Las relaciones de Yemaah Islamiyah, sin embargo, no parecen haberse estrechado con la organización que lidera una de las mayorías insurgencias de todo el Sudeste Asiático, planteada en una región de profundas y conservadoras creencias islámicas y con importantes implicaciones estratégicas internacionales puesto que es un destacado productor de petróleo y gas y controla la entrada a la zona de tránsito marítimo más importante del mundo, el estrecho de Malaca. El Movimiento por un Aceh Libre (GAM en sus siglas en indonesio) lleva luchando por la independencia de Aceh desde hace más de 25 años y está consolidado como uno de los principales movimientos guerrilleros del Sudeste Asiático. Su independencia, fiel reflejo del carácter indómito que se atribuye a los habitantes de Aceh, parece incluir, por el momento, la inexistencia de cualquier tipo de relación con alguna otra organización extranjera con fines ajenos a los suyos propios, pero debe considerarse la posibilidad de que esto deje de ser así en el futuro.

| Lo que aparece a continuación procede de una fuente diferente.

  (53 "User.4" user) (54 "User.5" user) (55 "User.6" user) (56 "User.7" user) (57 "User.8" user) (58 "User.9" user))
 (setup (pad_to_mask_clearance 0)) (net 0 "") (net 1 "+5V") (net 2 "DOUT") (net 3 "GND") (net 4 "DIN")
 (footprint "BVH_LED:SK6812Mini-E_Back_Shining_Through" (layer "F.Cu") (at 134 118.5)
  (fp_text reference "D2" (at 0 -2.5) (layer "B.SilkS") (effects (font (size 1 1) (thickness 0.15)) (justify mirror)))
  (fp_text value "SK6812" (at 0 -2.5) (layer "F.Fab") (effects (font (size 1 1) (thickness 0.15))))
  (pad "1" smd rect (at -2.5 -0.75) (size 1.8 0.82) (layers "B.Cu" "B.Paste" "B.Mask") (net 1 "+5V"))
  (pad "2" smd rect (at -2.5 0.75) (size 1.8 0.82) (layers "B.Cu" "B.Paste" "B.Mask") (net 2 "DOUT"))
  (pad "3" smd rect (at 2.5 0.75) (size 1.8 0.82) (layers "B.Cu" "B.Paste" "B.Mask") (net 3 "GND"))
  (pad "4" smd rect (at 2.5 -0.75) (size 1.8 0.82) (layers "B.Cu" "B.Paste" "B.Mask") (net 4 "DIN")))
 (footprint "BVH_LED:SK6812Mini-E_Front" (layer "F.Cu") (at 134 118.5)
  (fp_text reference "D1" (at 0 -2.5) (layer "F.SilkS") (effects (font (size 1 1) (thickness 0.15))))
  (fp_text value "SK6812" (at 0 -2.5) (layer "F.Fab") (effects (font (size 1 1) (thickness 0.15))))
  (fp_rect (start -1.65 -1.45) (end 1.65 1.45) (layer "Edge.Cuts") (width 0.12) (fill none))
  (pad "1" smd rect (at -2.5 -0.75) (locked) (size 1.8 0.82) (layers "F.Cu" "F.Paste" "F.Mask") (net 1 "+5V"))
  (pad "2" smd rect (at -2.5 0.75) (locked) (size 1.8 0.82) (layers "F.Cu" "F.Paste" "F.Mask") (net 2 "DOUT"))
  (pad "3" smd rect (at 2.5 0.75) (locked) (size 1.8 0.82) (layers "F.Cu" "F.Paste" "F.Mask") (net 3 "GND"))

Tras una tregua de cinco meses, las fuerzas armadas indonesias lanzaron el 19 de mayo pasado una importante operación militar en Aceh con la intención de erradicar de una vez por todas la insurgencia promovida por el GAM desde 1976. Cuarenta y cinco mil tropas militares y de policía militar fueron lanzadas por tierra, mar y aire (y de manera altamente publicitada) contra los entre 2.000 y 5.000 guerrilleros que se calcula integran el GAM. Una recapitulación del conflicto en Aceh, particularmente desde finales de los años 70 hasta ahora, puede ayudar a comprender qué es el GAM y cuál es la naturaleza del conflicto en Aceh – que se ha cobrado más de 10.000 victimas desde 1976 -, incidiendo en el atractivo objetivo que pueda tener dicho conflicto para ser infiltrado por los operativos de Yemaah Islamiyah y/o Al-Qaeda.

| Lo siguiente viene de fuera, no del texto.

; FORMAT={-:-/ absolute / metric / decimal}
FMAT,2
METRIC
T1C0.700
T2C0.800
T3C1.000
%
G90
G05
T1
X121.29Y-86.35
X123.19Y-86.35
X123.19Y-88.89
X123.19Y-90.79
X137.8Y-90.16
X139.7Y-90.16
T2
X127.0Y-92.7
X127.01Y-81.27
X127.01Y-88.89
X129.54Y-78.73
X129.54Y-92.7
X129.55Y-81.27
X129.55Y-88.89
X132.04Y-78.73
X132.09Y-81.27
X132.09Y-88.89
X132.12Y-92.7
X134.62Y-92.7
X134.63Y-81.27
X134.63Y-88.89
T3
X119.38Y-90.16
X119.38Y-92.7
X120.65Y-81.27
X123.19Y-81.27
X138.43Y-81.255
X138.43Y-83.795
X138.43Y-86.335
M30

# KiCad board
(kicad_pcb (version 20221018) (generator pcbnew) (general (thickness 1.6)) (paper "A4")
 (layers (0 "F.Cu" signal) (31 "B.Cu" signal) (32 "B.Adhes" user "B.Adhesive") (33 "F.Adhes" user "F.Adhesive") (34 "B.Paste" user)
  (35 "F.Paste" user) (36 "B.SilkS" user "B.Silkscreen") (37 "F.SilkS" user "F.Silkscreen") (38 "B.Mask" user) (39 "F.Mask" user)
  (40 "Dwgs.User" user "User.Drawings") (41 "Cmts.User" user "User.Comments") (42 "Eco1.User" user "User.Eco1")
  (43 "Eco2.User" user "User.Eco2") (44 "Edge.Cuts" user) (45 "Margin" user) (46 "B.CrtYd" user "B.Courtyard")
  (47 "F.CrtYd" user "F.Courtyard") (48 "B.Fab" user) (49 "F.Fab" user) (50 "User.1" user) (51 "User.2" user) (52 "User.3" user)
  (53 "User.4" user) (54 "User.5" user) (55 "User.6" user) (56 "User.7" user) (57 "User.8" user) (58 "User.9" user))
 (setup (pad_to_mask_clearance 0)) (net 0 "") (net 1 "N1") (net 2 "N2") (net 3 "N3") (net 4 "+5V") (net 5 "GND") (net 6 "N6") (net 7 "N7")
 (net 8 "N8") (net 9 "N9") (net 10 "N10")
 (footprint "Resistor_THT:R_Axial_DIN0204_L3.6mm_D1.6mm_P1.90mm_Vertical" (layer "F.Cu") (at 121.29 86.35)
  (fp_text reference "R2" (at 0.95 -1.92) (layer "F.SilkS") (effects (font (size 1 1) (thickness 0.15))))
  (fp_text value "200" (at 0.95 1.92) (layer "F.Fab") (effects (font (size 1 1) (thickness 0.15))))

El tradicional independentismo e islamismo de Aceh
Aceh es comúnmente considerada como la provincia indonesia de más fuertes y conservadoras convicciones musulmanas (recordemos que Indonesia, con una población de 230 millones de habitantes, es la mayor nación musulmana del mundo). Situada en la punta Norte de la isla de Sumatra, Aceh fue el primer reino en lo que hoy conocemos como Indonesia en convertirse al Islam. El gran transmisor del Islam al Sudeste Asiático fue el comercio, por lo que fueron mercaderes árabes los que trajeron su religión a Aceh y propiciaron su conversión en el siglo XIII. Aceh se mantuvo como un Sultanato independiente hasta 1910, cuando, tras 40 años de intensa guerra, fue definitivamente conquistada por los holandeses e integrada con el resto de sus colonias. Los habitantes de Aceh participaron activamente contra los holandeses en la guerra de independencia indonesia de 1945-1949. Llegada la independencia, sin embargo, sus líderes quisieron vanamente incluir en la Constitución indonesia una referencia explícita a la fe islámica de la nueva nación. Así, no es sorprendente que el movimiento Darul Islam, nacido en el oeste de Java y que durante los años 50 pretendió imponer una República Islámica en Indonesia, tuviese un importante seguimiento en Aceh.
Contrariamente al Darul Islam que quiso cambiar la naturaleza de la República Indonesia, a partir de la creación del GAM en octubre de 1976, las reivindicaciones radicales provenientes de Aceh exigieron su secesión pura y simple de la República. El GAM tardó solamente dos meses desde su creación en proclamar la independencia de Aceh. La experiencia de Timor Oriental, que accedió a una breve independencia en 1976 después del abandono portugués y antes de la invasión indonesia, ha sido una referencia constante para el GAM, hasta tal punto que los momentos álgidos del conflicto en Aceh han coincidido generalmente con los vividos en Timor (mediados-finales de los 70, principios de los 90 y finales de los 90).
El primer intento secesionista del GAM, cuya cúpula vive actualmente exiliada en Suecia, fue aplastado por las fuerzas armadas indonesias en los primeros años 80, pero resurgió en 1988-1989. En 1990, ya había 12.000 tropas indonesias en Aceh, utilizando tácticas aprendidas en Timor Oriental por las que se forzaba a los habitantes locales a colaborar en la captura de los rebeldes. Evidentemente, esta implicación forzada de la población civil en el conflicto la convirtió en objetivo militar, tanto para las fuerzas indonesias como para las del GAM. Ello provocó que la gran mayoría de los 2.000 muertos registrados desde 1988 hasta 1993, cuando terminó la operación, fuesen civiles (el Internacional Crisis Group, un think-tank con oficina en Indonesia, estima que cuatro de cada cinco muertos en el conflicto son civiles).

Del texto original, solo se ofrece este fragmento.